16 Chapter 1 Getting To Know Motion
Design Tools
Graphic designers have been using software to facilitate their work for many years.
Motion has incorporated many of the most valuable tools commonly found in layout
and design applications, including guides, alignment, and direct manipulation for
positioning, transforming, and distorting objects. It also contains some of the most
flexible and sophisticated tools for creating and handling text elements. This is
especially important because text is such a critical component of motion graphics
design.
Timing Tools
The principal difference between traditional design and motion graphics is that motion
graphics is time based. This means that you are concerned with creating a well-
composed and readable layout, and you must also manipulate that layout over the
duration of the show. Motion provides a Timeline that contains tools usually found in a
video editing application (such as trimming, markers, slipping, and snapping) to allow
you to hone and compose the temporal aspects of your project.

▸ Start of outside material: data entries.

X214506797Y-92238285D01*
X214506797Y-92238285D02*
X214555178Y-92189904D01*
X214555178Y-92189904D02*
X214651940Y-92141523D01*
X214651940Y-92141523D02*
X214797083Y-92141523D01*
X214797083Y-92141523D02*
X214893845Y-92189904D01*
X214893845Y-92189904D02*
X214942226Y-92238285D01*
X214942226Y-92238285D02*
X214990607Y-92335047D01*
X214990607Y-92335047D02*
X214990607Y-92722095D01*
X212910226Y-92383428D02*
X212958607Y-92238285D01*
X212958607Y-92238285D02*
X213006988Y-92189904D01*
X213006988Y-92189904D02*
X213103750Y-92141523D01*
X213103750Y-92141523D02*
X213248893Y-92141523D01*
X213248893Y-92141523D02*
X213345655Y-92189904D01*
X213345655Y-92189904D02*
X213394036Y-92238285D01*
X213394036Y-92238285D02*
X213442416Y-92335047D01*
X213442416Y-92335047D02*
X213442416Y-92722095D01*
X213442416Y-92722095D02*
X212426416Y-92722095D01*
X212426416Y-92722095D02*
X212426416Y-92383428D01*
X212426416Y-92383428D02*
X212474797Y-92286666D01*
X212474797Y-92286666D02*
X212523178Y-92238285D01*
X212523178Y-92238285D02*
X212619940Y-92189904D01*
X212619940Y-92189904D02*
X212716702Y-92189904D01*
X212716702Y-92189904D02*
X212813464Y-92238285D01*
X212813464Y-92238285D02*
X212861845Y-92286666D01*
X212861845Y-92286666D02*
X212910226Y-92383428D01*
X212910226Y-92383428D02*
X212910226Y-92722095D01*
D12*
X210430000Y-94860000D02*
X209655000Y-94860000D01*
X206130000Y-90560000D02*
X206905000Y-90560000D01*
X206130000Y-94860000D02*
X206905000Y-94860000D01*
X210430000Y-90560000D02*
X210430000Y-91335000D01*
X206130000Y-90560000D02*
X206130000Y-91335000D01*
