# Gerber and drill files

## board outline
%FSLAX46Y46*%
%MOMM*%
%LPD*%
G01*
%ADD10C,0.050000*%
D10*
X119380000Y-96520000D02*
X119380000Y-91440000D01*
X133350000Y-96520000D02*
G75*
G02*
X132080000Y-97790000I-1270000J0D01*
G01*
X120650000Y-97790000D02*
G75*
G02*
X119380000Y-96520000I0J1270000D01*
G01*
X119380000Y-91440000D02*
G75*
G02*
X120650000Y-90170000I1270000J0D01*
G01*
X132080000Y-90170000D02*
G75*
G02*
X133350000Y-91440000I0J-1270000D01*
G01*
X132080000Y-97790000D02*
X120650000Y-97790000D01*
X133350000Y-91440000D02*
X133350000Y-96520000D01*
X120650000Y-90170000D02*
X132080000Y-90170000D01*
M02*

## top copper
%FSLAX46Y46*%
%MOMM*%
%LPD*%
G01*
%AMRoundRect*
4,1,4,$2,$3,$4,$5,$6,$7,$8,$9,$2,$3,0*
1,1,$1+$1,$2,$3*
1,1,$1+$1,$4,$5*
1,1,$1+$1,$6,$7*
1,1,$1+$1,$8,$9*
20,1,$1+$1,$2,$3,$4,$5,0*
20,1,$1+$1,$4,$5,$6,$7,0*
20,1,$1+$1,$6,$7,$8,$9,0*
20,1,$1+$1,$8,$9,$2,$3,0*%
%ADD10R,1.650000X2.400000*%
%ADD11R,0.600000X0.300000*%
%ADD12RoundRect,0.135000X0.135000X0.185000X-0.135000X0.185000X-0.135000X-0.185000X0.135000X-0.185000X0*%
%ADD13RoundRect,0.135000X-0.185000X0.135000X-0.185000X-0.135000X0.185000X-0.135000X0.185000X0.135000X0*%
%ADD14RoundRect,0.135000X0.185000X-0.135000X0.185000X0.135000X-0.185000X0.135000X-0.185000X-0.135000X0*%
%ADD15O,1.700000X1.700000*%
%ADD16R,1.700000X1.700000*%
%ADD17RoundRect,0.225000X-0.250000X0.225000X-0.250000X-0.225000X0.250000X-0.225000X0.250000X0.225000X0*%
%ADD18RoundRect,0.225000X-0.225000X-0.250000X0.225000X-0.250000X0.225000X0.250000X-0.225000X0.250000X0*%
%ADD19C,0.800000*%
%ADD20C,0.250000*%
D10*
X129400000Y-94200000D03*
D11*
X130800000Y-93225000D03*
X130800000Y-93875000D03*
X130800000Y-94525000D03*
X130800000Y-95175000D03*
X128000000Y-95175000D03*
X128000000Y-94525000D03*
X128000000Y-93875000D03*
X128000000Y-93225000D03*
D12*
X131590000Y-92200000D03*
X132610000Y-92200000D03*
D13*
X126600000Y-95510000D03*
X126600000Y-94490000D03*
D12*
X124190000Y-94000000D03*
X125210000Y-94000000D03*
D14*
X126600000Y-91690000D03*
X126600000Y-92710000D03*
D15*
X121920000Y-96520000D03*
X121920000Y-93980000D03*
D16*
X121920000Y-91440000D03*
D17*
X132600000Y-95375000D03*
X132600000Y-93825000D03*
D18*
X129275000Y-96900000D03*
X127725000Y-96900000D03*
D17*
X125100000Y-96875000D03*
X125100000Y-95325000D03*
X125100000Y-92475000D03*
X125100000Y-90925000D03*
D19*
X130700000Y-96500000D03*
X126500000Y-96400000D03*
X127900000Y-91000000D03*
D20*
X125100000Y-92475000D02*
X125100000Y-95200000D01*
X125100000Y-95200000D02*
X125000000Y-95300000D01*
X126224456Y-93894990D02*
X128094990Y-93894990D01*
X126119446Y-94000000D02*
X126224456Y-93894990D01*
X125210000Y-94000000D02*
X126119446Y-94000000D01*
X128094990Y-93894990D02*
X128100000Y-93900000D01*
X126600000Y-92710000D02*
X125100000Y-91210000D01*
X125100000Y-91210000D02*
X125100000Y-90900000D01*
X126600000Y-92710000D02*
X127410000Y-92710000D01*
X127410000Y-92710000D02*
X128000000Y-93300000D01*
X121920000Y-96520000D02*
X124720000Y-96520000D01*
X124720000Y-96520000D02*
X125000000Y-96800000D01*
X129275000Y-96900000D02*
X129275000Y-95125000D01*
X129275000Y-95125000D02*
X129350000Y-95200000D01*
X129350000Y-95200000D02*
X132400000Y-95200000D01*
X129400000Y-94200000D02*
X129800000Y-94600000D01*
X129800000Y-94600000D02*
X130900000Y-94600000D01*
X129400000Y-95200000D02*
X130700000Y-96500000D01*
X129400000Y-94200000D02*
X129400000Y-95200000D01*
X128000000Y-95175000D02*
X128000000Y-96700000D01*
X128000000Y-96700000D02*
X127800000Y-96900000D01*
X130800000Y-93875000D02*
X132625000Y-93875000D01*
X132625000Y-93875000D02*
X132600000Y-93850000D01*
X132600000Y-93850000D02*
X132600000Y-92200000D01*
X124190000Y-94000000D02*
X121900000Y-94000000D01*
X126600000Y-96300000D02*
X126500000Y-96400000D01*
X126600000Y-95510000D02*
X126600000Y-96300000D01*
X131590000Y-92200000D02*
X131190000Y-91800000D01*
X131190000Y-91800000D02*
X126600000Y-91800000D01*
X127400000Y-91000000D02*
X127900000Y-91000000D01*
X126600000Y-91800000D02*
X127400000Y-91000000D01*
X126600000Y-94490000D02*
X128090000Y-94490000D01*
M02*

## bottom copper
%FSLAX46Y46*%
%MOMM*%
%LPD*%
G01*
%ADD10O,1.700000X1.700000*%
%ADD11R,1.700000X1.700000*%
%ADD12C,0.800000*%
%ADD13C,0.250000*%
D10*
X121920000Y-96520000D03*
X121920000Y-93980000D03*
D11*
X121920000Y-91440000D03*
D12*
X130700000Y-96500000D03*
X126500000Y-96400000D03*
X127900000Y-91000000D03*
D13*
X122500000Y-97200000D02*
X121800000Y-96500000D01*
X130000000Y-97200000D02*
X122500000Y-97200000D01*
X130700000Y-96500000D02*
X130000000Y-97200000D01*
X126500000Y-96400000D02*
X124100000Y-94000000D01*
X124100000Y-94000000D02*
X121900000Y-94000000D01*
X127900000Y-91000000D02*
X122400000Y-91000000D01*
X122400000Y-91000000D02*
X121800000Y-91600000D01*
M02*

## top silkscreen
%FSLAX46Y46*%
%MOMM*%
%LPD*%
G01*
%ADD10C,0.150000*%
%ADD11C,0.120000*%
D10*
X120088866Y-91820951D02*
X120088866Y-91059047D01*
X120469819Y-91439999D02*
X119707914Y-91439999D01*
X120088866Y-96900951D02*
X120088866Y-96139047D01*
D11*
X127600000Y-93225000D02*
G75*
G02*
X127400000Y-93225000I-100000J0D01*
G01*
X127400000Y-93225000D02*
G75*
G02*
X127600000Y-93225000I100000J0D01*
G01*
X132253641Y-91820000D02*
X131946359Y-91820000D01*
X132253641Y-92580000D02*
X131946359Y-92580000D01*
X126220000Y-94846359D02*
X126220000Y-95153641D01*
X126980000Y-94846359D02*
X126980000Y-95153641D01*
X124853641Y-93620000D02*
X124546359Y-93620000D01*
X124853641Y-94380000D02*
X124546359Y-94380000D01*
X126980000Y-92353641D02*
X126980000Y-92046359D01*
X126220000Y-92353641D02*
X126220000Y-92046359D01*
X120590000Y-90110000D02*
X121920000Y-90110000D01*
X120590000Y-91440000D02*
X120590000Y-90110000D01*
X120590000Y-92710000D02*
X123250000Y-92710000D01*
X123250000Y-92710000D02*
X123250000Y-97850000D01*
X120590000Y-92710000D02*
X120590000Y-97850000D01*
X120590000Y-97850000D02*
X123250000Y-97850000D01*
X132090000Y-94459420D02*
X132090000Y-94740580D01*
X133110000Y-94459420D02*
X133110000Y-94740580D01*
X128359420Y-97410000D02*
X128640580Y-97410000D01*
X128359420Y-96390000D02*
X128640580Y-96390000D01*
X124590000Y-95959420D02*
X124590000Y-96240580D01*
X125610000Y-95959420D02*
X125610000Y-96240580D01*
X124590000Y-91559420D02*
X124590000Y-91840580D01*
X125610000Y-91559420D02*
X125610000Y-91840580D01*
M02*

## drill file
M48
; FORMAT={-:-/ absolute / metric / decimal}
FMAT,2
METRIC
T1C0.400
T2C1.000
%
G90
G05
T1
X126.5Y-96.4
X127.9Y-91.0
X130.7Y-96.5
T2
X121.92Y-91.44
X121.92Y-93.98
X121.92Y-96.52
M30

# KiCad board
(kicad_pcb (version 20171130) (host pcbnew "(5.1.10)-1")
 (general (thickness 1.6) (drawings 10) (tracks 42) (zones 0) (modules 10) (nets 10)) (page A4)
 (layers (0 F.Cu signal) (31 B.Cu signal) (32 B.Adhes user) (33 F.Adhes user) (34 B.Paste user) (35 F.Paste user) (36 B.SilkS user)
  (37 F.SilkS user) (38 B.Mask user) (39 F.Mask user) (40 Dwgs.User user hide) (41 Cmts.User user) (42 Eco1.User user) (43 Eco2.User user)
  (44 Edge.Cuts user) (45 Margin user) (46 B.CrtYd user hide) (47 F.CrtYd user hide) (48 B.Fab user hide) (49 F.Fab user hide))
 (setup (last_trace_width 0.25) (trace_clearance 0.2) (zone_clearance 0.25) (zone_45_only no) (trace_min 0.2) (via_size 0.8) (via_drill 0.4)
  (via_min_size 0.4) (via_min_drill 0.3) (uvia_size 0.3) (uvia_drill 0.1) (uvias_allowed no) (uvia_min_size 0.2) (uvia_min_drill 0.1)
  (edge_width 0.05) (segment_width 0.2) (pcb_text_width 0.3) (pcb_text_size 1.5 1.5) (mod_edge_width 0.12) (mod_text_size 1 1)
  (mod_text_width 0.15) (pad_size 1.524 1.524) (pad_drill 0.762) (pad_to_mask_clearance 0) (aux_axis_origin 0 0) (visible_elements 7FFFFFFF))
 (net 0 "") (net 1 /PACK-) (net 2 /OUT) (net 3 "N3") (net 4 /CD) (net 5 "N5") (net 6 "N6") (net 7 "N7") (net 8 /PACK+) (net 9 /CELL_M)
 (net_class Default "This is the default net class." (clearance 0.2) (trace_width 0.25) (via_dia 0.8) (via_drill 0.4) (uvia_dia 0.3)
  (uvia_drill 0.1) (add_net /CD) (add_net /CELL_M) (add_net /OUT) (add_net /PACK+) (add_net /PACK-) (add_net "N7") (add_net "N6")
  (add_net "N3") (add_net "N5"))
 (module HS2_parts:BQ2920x (layer F.Cu) (at 129.4 94.2)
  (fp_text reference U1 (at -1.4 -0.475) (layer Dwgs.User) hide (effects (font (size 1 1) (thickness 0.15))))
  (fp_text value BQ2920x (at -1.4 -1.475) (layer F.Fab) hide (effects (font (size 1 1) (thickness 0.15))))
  (fp_circle (center -1.9 -0.975) (end -1.8 -0.975) (layer F.SilkS) (width 0.12))
  (pad 5 smd rect (at 0 0) (size 1.65 2.4) (layers F.Cu F.Paste F.Mask) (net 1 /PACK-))
  (pad 8 smd rect (at 1.4 -0.975) (size 0.6 0.3) (layers F.Cu F.Paste F.Mask) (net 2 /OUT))
  (pad 7 smd rect (at 1.4 -0.325) (size 0.6 0.3) (layers F.Cu F.Paste F.Mask) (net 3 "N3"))
  (pad 6 smd rect (at 1.4 0.325) (size 0.6 0.3) (layers F.Cu F.Paste F.Mask) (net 1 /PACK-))
  (pad 5 smd rect (at 1.4 0.975) (size 0.6 0.3) (layers F.Cu F.Paste F.Mask) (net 1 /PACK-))
  (pad 4 smd rect (at -1.4 0.975) (size 0.6 0.3) (layers F.Cu F.Paste F.Mask) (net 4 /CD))
  (pad 3 smd rect (at -1.4 0.325) (size 0.6 0.3) (layers F.Cu F.Paste F.Mask) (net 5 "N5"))
  (pad 2 smd rect (at -1.4 -0.325) (size 0.6 0.3) (layers F.Cu F.Paste F.Mask) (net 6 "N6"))
  (pad 1 smd rect (at -1.4 -0.975) (size 0.6 0.3) (layers F.Cu F.Paste F.Mask) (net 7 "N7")))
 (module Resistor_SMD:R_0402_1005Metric (layer F.Cu) (at 132.1 92.2 180)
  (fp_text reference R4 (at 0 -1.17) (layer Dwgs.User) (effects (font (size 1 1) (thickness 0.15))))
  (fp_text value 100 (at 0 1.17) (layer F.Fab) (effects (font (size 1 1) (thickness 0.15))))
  (fp_line (start -0.153641 0.38) (end 0.153641 0.38) (layer F.SilkS) (width 0.12))
  (fp_line (start -0.153641 -0.38) (end 0.153641 -0.38) (layer F.SilkS) (width 0.12))
  (pad 2 smd roundrect (at 0.51 0 180) (size 0.54 0.64) (layers F.Cu F.Paste F.Mask) (roundrect_rratio 0.25) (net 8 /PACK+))
  (pad 1 smd roundrect (at -0.51 0 180) (size 0.54 0.64) (layers F.Cu F.Paste F.Mask) (roundrect_rratio 0.25) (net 3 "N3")))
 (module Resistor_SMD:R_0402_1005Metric (layer F.Cu) (at 126.6 95 270)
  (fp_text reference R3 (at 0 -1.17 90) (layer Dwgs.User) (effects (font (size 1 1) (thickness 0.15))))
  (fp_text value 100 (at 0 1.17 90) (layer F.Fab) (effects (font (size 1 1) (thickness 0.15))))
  (fp_line (start -0.153641 0.38) (end 0.153641 0.38) (layer F.SilkS) (width 0.12))
  (fp_line (start -0.153641 -0.38) (end 0.153641 -0.38) (layer F.SilkS) (width 0.12))
  (pad 2 smd roundrect (at 0.51 0 270) (size 0.54 0.64) (layers F.Cu F.Paste F.Mask) (roundrect_rratio 0.25) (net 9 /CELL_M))
  (pad 1 smd roundrect (at -0.51 0 270) (size 0.54 0.64) (layers F.Cu F.Paste F.Mask) (roundrect_rratio 0.25) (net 5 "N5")))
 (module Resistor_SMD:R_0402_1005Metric (layer F.Cu) (at 124.7 94 180)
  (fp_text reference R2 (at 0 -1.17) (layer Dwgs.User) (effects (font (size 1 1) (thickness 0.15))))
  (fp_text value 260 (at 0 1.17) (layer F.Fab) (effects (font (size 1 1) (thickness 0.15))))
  (fp_line (start -0.153641 0.38) (end 0.153641 0.38) (layer F.SilkS) (width 0.12))
  (fp_line (start -0.153641 -0.38) (end 0.153641 -0.38) (layer F.SilkS) (width 0.12))
  (pad 2 smd roundrect (at 0.51 0 180) (size 0.54 0.64) (layers F.Cu F.Paste F.Mask) (roundrect_rratio 0.25) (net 9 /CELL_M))
  (pad 1 smd roundrect (at -0.51 0 180) (size 0.54 0.64) (layers F.Cu F.Paste F.Mask) (roundrect_rratio 0.25) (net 6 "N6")))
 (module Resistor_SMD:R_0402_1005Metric (layer F.Cu) (at 126.6 92.2 90)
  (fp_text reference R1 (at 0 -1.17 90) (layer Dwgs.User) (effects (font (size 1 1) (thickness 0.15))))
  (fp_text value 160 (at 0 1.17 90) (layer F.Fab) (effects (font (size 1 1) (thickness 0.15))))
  (fp_line (start -0.153641 0.38) (end 0.153641 0.38) (layer F.SilkS) (width 0.12))
  (fp_line (start -0.153641 -0.38) (end 0.153641 -0.38) (layer F.SilkS) (width 0.12))
  (pad 2 smd roundrect (at 0.51 0 90) (size 0.54 0.64) (layers F.Cu F.Paste F.Mask) (roundrect_rratio 0.25) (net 8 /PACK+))
  (pad 1 smd roundrect (at -0.51 0 90) (size 0.54 0.64) (layers F.Cu F.Paste F.Mask) (roundrect_rratio 0.25) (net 7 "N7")))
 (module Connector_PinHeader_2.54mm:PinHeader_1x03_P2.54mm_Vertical (layer F.Cu) (at 121.92 91.44)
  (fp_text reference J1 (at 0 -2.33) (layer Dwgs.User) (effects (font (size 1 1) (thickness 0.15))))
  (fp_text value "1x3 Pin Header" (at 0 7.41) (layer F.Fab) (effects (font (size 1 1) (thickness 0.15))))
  (fp_line (start -1.33 -1.33) (end 0 -1.33) (layer F.SilkS) (width 0.12))
  (fp_line (start -1.33 0) (end -1.33 -1.33) (layer F.SilkS) (width 0.12))
  (fp_line (start -1.33 1.27) (end 1.33 1.27) (layer F.SilkS) (width 0.12))
  (fp_line (start 1.33 1.27) (end 1.33 6.41) (layer F.SilkS) (width 0.12))
  (fp_line (start -1.33 1.27) (end -1.33 6.41) (layer F.SilkS) (width 0.12))
  (fp_line (start -1.33 6.41) (end 1.33 6.41) (layer F.SilkS) (width 0.12))
  (pad 3 thru_hole oval (at 0 5.08) (size 1.7 1.7) (drill 1) (layers *.Cu *.Mask) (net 1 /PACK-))
  (pad 2 thru_hole oval (at 0 2.54) (size 1.7 1.7) (drill 1) (layers *.Cu *.Mask) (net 9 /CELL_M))
  (pad 1 thru_hole rect (at 0 0) (size 1.7 1.7) (drill 1) (layers *.Cu *.Mask) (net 8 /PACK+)))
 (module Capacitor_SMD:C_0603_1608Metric (layer F.Cu) (at 132.6 94.6 270)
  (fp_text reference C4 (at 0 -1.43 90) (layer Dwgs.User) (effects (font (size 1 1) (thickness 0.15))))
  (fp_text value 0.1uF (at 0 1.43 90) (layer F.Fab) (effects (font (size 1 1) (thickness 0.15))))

Motion also supports audio files, including basic audio mixing, so you can create a
soundtrack for your project and make timing decisions based upon the audio as well as
visual components. Furthermore, you can animate objects, filters, behaviors, and other
elements to create elegant and precise compositions.
Compositing
Any time you have more than one object onscreen simultaneously, you must employ
some version of compositing to combine the elements. This might mean moving the
objects onscreen so they don’t overlap, adjusting the objects’ opacities so they are
partly visible, or incorporating blend modes that mix the overlapping images in a
variety of ways. Compositing is fundamental to motion graphics work. Fortunately,
Motion makes it easier than ever before, allowing you to control layer and object order,
group and lock objects, and apply more than 25 different blending options to create
unique effects.
Special Effects Tools
You can further enhance your motion graphics projects by employing many of the
same tools used in movies to combine dinosaurs with live actors, sink luxury liners in
the ocean, or create space battles. Motion provides many of these tools such as keying
(isolating an object shot against a solid colored background), masking (to hide wires or
other objects that should not be seen in the final image), and particle systems (to
simulate natural phenomena such as smoke, fire, and water). In fact, Motion can be
used to create special effects shots like these, but its real power is in integrating these
tools with the design and editing tools described above.